WORK REQUIRED » Go through the records, and copy each line in which the string "pcbnew" is present.

Items from a data source:
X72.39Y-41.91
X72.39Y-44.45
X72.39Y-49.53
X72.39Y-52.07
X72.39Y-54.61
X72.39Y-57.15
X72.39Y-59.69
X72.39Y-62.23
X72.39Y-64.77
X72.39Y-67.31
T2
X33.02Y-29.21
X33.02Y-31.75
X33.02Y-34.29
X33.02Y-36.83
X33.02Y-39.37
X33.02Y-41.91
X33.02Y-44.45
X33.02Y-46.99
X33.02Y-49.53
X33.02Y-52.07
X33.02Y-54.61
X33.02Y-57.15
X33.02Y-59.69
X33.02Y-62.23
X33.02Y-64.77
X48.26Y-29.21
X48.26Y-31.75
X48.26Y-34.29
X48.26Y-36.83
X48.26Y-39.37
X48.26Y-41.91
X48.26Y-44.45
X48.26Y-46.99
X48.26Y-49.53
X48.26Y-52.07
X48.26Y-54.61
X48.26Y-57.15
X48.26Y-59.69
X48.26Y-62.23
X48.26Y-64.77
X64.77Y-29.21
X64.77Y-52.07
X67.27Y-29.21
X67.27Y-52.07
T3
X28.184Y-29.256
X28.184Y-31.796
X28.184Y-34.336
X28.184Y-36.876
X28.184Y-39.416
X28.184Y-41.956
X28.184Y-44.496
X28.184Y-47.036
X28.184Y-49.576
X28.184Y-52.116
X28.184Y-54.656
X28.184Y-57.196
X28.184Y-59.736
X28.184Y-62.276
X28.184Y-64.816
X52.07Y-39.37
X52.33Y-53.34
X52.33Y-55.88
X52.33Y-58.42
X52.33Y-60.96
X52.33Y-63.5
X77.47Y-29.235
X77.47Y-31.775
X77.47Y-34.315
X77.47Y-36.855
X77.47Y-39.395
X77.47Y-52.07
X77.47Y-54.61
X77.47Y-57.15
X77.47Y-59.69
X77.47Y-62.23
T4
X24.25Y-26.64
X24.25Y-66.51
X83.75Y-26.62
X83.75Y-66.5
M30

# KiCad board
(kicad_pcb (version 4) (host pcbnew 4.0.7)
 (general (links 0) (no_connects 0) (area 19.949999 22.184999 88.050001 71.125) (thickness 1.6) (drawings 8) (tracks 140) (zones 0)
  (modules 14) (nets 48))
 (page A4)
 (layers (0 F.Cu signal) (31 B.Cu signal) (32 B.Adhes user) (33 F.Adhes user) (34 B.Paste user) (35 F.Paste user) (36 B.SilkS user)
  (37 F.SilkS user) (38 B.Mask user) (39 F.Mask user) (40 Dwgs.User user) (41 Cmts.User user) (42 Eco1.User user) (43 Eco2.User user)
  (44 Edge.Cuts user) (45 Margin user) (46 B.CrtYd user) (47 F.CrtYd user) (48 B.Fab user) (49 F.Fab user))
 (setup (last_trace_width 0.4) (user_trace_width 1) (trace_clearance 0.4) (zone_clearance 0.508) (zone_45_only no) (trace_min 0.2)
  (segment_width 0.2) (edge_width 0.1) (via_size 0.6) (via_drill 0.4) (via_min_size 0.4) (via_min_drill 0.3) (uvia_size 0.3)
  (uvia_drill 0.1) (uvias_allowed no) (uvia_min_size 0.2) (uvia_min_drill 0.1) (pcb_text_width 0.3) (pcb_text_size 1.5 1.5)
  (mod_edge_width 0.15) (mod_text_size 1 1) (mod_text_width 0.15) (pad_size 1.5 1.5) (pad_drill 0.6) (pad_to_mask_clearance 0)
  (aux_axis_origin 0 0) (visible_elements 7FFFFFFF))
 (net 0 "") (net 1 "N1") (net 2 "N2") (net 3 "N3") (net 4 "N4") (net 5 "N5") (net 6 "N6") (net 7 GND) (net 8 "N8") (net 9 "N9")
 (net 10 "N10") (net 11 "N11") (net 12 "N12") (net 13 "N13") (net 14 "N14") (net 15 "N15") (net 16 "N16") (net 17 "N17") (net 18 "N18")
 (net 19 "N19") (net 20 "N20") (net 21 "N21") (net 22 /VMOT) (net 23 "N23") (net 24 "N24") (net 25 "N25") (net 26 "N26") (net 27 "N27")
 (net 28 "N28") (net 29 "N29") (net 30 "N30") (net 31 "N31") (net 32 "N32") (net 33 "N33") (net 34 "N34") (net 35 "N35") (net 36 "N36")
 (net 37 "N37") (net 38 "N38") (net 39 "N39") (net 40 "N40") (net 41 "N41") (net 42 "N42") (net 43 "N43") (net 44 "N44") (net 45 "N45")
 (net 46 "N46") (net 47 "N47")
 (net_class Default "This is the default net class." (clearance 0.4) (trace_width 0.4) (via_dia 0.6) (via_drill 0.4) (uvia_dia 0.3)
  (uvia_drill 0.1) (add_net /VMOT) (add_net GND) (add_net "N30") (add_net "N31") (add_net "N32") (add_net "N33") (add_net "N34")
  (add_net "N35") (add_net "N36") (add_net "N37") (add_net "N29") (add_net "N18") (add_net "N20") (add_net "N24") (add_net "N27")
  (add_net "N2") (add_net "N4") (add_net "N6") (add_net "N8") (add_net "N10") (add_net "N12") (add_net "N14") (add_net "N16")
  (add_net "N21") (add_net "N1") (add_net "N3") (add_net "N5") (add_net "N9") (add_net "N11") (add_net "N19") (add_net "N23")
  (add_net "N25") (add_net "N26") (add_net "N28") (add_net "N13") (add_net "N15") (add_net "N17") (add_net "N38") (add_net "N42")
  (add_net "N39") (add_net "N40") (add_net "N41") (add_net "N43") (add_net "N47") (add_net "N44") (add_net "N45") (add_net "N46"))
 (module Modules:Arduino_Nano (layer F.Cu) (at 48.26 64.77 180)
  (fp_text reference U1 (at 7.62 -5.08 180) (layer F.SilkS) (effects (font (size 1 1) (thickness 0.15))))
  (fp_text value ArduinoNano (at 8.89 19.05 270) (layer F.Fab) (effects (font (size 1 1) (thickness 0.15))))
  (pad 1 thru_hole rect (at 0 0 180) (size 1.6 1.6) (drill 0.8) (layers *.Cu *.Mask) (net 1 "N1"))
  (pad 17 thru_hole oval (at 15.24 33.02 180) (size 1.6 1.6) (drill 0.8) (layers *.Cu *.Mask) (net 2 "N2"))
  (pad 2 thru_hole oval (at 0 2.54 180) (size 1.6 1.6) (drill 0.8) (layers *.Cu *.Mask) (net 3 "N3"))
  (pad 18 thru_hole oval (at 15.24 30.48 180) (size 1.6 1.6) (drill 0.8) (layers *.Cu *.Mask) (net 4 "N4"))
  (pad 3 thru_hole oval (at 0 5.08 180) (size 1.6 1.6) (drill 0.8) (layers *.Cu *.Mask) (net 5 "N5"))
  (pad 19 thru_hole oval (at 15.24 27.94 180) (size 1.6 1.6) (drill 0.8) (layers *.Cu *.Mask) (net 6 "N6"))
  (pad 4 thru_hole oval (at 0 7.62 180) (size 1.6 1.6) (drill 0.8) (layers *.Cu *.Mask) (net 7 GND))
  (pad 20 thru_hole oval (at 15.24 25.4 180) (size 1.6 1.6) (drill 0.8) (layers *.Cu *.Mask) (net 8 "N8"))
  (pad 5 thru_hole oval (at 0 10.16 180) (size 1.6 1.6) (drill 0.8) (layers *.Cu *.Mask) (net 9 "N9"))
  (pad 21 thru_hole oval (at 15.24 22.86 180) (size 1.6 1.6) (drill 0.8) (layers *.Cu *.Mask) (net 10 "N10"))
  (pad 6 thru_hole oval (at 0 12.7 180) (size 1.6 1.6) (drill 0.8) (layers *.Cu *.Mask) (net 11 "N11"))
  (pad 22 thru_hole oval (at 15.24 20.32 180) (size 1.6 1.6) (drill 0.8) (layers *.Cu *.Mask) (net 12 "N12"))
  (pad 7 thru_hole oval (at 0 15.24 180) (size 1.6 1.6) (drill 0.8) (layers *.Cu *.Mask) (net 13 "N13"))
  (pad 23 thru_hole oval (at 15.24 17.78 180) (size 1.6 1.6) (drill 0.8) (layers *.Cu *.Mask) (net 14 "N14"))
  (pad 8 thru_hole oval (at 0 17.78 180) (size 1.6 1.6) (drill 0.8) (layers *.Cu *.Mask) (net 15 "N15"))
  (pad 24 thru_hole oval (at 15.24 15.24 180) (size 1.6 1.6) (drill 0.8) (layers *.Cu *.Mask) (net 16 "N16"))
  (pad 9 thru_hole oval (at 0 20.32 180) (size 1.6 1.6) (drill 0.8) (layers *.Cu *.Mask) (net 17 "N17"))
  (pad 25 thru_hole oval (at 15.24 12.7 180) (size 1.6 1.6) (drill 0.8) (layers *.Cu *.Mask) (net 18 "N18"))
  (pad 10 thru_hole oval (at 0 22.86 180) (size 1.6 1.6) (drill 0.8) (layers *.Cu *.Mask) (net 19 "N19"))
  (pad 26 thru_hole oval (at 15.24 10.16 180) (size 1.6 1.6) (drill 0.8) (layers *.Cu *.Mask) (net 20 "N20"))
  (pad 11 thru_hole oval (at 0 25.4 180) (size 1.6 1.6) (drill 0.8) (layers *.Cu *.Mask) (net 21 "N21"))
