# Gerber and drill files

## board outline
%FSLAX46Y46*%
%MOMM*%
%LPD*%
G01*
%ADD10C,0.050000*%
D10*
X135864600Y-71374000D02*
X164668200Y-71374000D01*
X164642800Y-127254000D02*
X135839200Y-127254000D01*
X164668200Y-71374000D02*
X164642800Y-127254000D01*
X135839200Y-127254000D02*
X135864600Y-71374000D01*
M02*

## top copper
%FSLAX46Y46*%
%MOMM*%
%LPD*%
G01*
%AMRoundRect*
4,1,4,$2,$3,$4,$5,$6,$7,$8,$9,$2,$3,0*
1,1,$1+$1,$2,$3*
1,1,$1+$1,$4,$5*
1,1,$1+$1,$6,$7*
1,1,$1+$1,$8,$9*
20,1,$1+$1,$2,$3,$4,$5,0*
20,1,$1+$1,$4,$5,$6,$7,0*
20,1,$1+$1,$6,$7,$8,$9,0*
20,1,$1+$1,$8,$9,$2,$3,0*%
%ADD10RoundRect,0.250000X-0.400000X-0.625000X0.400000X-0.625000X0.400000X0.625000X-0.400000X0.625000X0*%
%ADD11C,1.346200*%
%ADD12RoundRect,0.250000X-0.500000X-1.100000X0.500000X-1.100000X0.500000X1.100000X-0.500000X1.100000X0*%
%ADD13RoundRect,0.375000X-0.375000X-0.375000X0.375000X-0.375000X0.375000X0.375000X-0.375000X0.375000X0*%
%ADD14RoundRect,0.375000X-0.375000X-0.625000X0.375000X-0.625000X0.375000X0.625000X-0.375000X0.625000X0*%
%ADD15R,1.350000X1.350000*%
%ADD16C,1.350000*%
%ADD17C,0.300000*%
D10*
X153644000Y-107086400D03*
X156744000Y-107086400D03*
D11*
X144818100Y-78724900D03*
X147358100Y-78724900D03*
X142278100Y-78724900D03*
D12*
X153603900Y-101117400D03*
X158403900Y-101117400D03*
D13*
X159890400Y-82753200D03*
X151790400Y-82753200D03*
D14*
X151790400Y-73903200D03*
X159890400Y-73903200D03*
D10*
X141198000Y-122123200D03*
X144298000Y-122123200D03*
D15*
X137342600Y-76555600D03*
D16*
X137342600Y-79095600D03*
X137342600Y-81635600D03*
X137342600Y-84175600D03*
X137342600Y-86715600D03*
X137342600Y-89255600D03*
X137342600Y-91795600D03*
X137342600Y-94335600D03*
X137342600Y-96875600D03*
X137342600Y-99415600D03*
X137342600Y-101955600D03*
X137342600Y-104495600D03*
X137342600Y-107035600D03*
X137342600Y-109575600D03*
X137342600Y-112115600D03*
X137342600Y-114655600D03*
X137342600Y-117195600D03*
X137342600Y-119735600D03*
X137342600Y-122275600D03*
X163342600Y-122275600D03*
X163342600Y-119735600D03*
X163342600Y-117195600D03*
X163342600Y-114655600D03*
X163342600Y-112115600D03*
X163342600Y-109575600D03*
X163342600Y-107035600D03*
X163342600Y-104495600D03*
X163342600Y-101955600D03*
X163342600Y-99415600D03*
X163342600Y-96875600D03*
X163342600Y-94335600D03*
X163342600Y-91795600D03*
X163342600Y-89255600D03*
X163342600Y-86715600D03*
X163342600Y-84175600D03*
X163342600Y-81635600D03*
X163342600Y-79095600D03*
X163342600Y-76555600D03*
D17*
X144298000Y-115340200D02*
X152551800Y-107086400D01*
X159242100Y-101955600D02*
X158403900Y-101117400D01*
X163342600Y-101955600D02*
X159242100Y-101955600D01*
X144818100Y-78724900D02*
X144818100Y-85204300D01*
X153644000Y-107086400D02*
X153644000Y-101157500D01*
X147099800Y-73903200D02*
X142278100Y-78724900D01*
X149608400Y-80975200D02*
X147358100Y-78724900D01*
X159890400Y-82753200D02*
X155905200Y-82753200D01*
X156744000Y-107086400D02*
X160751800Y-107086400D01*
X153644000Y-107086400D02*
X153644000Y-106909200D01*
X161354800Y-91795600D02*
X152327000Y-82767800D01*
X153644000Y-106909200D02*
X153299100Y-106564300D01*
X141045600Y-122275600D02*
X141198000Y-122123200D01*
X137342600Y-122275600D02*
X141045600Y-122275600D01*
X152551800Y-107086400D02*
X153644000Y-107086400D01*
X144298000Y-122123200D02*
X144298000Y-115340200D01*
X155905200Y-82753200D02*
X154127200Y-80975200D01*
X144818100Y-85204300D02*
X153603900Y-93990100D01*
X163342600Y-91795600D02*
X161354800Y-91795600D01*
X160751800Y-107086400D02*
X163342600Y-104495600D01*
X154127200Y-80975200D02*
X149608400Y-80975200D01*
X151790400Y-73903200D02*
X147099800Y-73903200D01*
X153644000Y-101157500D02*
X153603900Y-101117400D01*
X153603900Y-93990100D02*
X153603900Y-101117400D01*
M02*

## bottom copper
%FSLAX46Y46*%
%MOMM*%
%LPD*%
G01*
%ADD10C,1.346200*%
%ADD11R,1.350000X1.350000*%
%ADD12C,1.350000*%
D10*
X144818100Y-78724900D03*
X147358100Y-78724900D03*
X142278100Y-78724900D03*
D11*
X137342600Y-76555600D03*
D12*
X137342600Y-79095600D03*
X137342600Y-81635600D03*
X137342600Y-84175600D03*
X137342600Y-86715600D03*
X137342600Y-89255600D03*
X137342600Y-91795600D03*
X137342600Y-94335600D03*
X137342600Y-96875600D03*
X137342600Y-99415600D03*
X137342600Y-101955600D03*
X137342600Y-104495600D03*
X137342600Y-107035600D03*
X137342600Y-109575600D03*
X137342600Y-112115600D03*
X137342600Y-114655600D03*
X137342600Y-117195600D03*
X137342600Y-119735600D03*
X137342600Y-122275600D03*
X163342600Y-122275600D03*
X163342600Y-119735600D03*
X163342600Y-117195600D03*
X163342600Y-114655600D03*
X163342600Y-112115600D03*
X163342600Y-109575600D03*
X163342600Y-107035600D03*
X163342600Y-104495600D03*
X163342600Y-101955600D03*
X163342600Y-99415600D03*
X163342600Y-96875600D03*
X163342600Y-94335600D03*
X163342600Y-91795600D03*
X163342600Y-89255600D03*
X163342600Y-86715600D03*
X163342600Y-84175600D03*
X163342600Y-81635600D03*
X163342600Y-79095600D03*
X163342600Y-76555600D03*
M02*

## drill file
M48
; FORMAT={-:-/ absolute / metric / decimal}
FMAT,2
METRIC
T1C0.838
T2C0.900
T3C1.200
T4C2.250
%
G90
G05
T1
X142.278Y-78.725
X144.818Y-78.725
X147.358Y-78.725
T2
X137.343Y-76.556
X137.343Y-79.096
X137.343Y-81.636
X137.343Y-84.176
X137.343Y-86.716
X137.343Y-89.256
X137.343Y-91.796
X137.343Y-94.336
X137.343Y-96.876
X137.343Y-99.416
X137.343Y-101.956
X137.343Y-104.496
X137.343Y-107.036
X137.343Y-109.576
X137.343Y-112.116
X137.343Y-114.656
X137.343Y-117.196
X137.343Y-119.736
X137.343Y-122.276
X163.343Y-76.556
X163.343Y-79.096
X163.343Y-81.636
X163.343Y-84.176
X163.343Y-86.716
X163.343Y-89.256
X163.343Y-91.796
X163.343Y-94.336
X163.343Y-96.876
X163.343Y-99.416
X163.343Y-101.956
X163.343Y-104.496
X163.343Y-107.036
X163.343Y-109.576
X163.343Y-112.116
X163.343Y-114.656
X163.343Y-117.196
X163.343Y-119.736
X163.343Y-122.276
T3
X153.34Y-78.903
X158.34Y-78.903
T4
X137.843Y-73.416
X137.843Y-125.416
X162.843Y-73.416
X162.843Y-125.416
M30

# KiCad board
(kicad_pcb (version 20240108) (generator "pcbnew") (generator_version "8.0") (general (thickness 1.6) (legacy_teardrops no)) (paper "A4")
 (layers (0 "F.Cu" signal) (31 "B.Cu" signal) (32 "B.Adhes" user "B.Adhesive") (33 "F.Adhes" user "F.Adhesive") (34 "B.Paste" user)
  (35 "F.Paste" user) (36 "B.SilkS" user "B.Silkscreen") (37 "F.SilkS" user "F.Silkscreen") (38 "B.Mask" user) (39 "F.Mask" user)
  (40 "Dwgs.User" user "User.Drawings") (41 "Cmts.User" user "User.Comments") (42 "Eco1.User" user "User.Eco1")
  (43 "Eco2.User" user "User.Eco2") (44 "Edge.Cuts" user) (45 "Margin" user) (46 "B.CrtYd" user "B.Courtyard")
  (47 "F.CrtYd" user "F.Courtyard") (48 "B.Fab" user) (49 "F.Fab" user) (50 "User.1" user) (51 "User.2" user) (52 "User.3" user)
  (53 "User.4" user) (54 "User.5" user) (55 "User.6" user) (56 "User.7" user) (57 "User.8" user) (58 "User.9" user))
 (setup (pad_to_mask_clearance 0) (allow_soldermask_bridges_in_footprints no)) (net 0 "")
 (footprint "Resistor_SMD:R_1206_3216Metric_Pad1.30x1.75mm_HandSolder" (layer "F.Cu") (at 155.194 107.0864)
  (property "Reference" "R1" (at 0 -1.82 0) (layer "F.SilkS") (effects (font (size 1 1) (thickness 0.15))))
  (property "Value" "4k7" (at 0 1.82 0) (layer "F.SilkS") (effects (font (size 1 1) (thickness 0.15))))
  (pad "1" smd roundrect (at -1.55 0) (size 1.3 1.75) (layers "F.Cu" "F.Paste" "F.Mask") (roundrect_rratio 0.192308))
  (pad "2" smd roundrect (at 1.55 0) (size 1.3 1.75) (layers "F.Cu" "F.Paste" "F.Mask") (roundrect_rratio 0.192308)))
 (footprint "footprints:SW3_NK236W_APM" (layer "F.Cu") (at 144.8181 78.7249 180)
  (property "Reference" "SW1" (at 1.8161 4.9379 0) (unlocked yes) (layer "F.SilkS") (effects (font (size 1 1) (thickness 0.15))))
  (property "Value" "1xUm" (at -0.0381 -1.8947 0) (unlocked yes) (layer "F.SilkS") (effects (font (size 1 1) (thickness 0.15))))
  (pad "1" thru_hole circle (at 0 0 180) (size 1.3462 1.3462) (drill 0.8382) (layers "*.Cu" "*.Mask") (remove_unused_layers no))
  (pad "2" thru_hole circle (at -2.54 0 180) (size 1.3462 1.3462) (drill 0.8382) (layers "*.Cu" "*.Mask") (remove_unused_layers no))
  (pad "3" thru_hole circle (at 2.54 0 180) (size 1.3462 1.3462) (drill 0.8382) (layers "*.Cu" "*.Mask") (remove_unused_layers no)))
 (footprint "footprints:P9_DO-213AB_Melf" (layer "F.Cu") (at 153.6039 101.1174)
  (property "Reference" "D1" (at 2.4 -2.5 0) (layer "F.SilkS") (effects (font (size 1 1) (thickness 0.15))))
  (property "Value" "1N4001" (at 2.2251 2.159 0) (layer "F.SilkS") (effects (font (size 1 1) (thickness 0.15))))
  (pad "1" smd roundrect (at 0 0) (size 1.5 2.7) (layers "F.Cu" "F.Paste" "F.Mask") (roundrect_rratio 0.1666666667))
  (pad "2" smd roundrect (at 4.8 0) (size 1.5 2.7) (layers "F.Cu" "F.Paste" "F.Mask") (roundrect_rratio 0.1666666667)))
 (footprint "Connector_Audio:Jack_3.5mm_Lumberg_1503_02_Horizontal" (layer "F.Cu") (at 155.8404 76.4032)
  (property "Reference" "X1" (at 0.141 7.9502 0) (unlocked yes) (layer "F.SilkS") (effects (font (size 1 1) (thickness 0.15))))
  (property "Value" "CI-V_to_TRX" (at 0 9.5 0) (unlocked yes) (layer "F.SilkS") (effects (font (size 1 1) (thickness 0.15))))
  (pad "" np_thru_hole circle (at -2.5 2.5) (size 1.2 1.2) (drill 1.2) (layers "F&B.Cu" "*.Mask"))
  (pad "" np_thru_hole circle (at 2.5 2.5) (size 1.2 1.2) (drill 1.2) (layers "F&B.Cu" "*.Mask"))
  (pad "R" smd roundrect (at 4.05 6.35) (size 1.5 1.5) (layers "F.Cu" "F.Paste" "F.Mask") (roundrect_rratio 0.25))
  (pad "S" smd roundrect (at -4.05 6.35) (size 1.5 1.5) (layers "F.Cu" "F.Paste" "F.Mask") (roundrect_rratio 0.25))
  (pad "T" smd roundrect (at -4.05 -2.5) (size 1.5 2) (layers "F.Cu" "F.Paste" "F.Mask") (roundrect_rratio 0.25))
  (pad "T" smd roundrect (at 4.05 -2.5) (size 1.5 2) (layers "F.Cu" "F.Paste" "F.Mask") (roundrect_rratio 0.25)))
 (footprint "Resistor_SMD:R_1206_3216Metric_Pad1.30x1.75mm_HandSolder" (layer "F.Cu") (at 142.748 122.1232)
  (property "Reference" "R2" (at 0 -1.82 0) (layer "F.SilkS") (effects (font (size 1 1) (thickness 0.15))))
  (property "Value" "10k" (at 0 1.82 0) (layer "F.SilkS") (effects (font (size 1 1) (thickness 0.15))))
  (pad "1" smd roundrect (at -1.55 0) (size 1.3 1.75) (layers "F.Cu" "F.Paste" "F.Mask") (roundrect_rratio 0.192308))
  (pad "2" smd roundrect (at 1.55 0) (size 1.3 1.75) (layers "F.Cu" "F.Paste" "F.Mask") (roundrect_rratio 0.192308)))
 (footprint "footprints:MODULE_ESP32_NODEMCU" (layer "B.Cu") (at 150.3426 99.4156 180)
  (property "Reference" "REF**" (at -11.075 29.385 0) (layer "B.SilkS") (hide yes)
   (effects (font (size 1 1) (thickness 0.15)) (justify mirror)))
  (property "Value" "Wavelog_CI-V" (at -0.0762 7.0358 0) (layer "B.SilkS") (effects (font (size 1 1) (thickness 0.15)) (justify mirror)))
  (pad "" np_thru_hole circle (at -12.5 -26 180) (size 2.25 2.25) (drill 2.25) (layers "*.Cu" "*.Mask"))
  (pad "" np_thru_hole circle (at -12.5 26 180) (size 2.25 2.25) (drill 2.25) (layers "*.Cu" "*.Mask"))
  (pad "" np_thru_hole circle (at 12.5 -26 180) (size 2.25 2.25) (drill 2.25) (layers "*.Cu" "*.Mask"))
  (pad "" np_thru_hole circle (at 12.5 26 180) (size 2.25 2.25) (drill 2.25) (layers "*.Cu" "*.Mask"))
  (pad "J4_1" thru_hole rect (at 13 22.86 180) (size 1.35 1.35) (drill 0.9) (layers "*.Cu" "*.Mask") (remove_unused_layers no)
   (solder_mask_margin 0.102))
  (pad "J4_2" thru_hole circle (at 13 20.32 180) (size 1.35 1.35) (drill 0.9) (layers "*.Cu" "*.Mask") (remove_unused_layers no)
   (solder_mask_margin 0.102))
  (pad "J4_3" thru_hole circle (at 13 17.78 180) (size 1.35 1.35) (drill 0.9) (layers "*.Cu" "*.Mask") (remove_unused_layers no)
   (solder_mask_margin 0.102))
  (pad "J4_4" thru_hole circle (at 13 15.24 180) (size 1.35 1.35) (drill 0.9) (layers "*.Cu" "*.Mask") (remove_unused_layers no)
   (solder_mask_margin 0.102))
  (pad "J4_5" thru_hole circle (at 13 12.7 180) (size 1.35 1.35) (drill 0.9) (layers "*.Cu" "*.Mask") (remove_unused_layers no)
   (solder_mask_margin 0.102))
  (pad "J4_6" thru_hole circle (at 13 10.16 180) (size 1.35 1.35) (drill 0.9) (layers "*.Cu" "*.Mask") (remove_unused_layers no)
   (solder_mask_margin 0.102))
  (pad "J4_7" thru_hole circle (at 13 7.62 180) (size 1.35 1.35) (drill 0.9) (layers "*.Cu" "*.Mask") (remove_unused_layers no)
   (solder_mask_margin 0.102))
  (pad "J4_8" thru_hole circle (at 13 5.08 180) (size 1.35 1.35) (drill 0.9) (layers "*.Cu" "*.Mask") (remove_unused_layers no)
   (solder_mask_margin 0.102))
  (pad "J4_9" thru_hole circle (at 13 2.54 180) (size 1.35 1.35) (drill 0.9) (layers "*.Cu" "*.Mask") (remove_unused_layers no)
   (solder_mask_margin 0.102))
  (pad "J4_10" thru_hole circle (at 13 0 180) (size 1.35 1.35) (drill 0.9) (layers "*.Cu" "*.Mask") (remove_unused_layers no)
   (solder_mask_margin 0.102))
  (pad "J4_11" thru_hole circle (at 13 -2.54 180) (size 1.35 1.35) (drill 0.9) (layers "*.Cu" "*.Mask") (remove_unused_layers no)
   (solder_mask_margin 0.102))
  (pad "J4_12" thru_hole circle (at 13 -5.08 180) (size 1.35 1.35) (drill 0.9) (layers "*.Cu" "*.Mask") (remove_unused_layers no)
   (solder_mask_margin 0.102))
  (pad "J4_13" thru_hole circle (at 13 -7.62 180) (size 1.35 1.35) (drill 0.9) (layers "*.Cu" "*.Mask") (remove_unused_layers no)
   (solder_mask_margin 0.102))
  (pad "J4_14" thru_hole circle (at 13 -10.16 180) (size 1.35 1.35) (drill 0.9) (layers "*.Cu" "*.Mask") (remove_unused_layers no)
   (solder_mask_margin 0.102))
  (pad "J4_15" thru_hole circle (at 13 -12.7 180) (size 1.35 1.35) (drill 0.9) (layers "*.Cu" "*.Mask") (remove_unused_layers no)
   (solder_mask_margin 0.102))
  (pad "J4_16" thru_hole circle (at 13 -15.24 180) (size 1.35 1.35) (drill 0.9) (layers "*.Cu" "*.Mask") (remove_unused_layers no)
   (solder_mask_margin 0.102))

COMPLETED TASK »
(kicad_pcb (version 4) (host pcbnew 4.0.7)
(kicad_pcb (version 20240108) (generator "pcbnew") (generator_version "8.0") (general (thickness 1.6) (legacy_teardrops no)) (paper "A4")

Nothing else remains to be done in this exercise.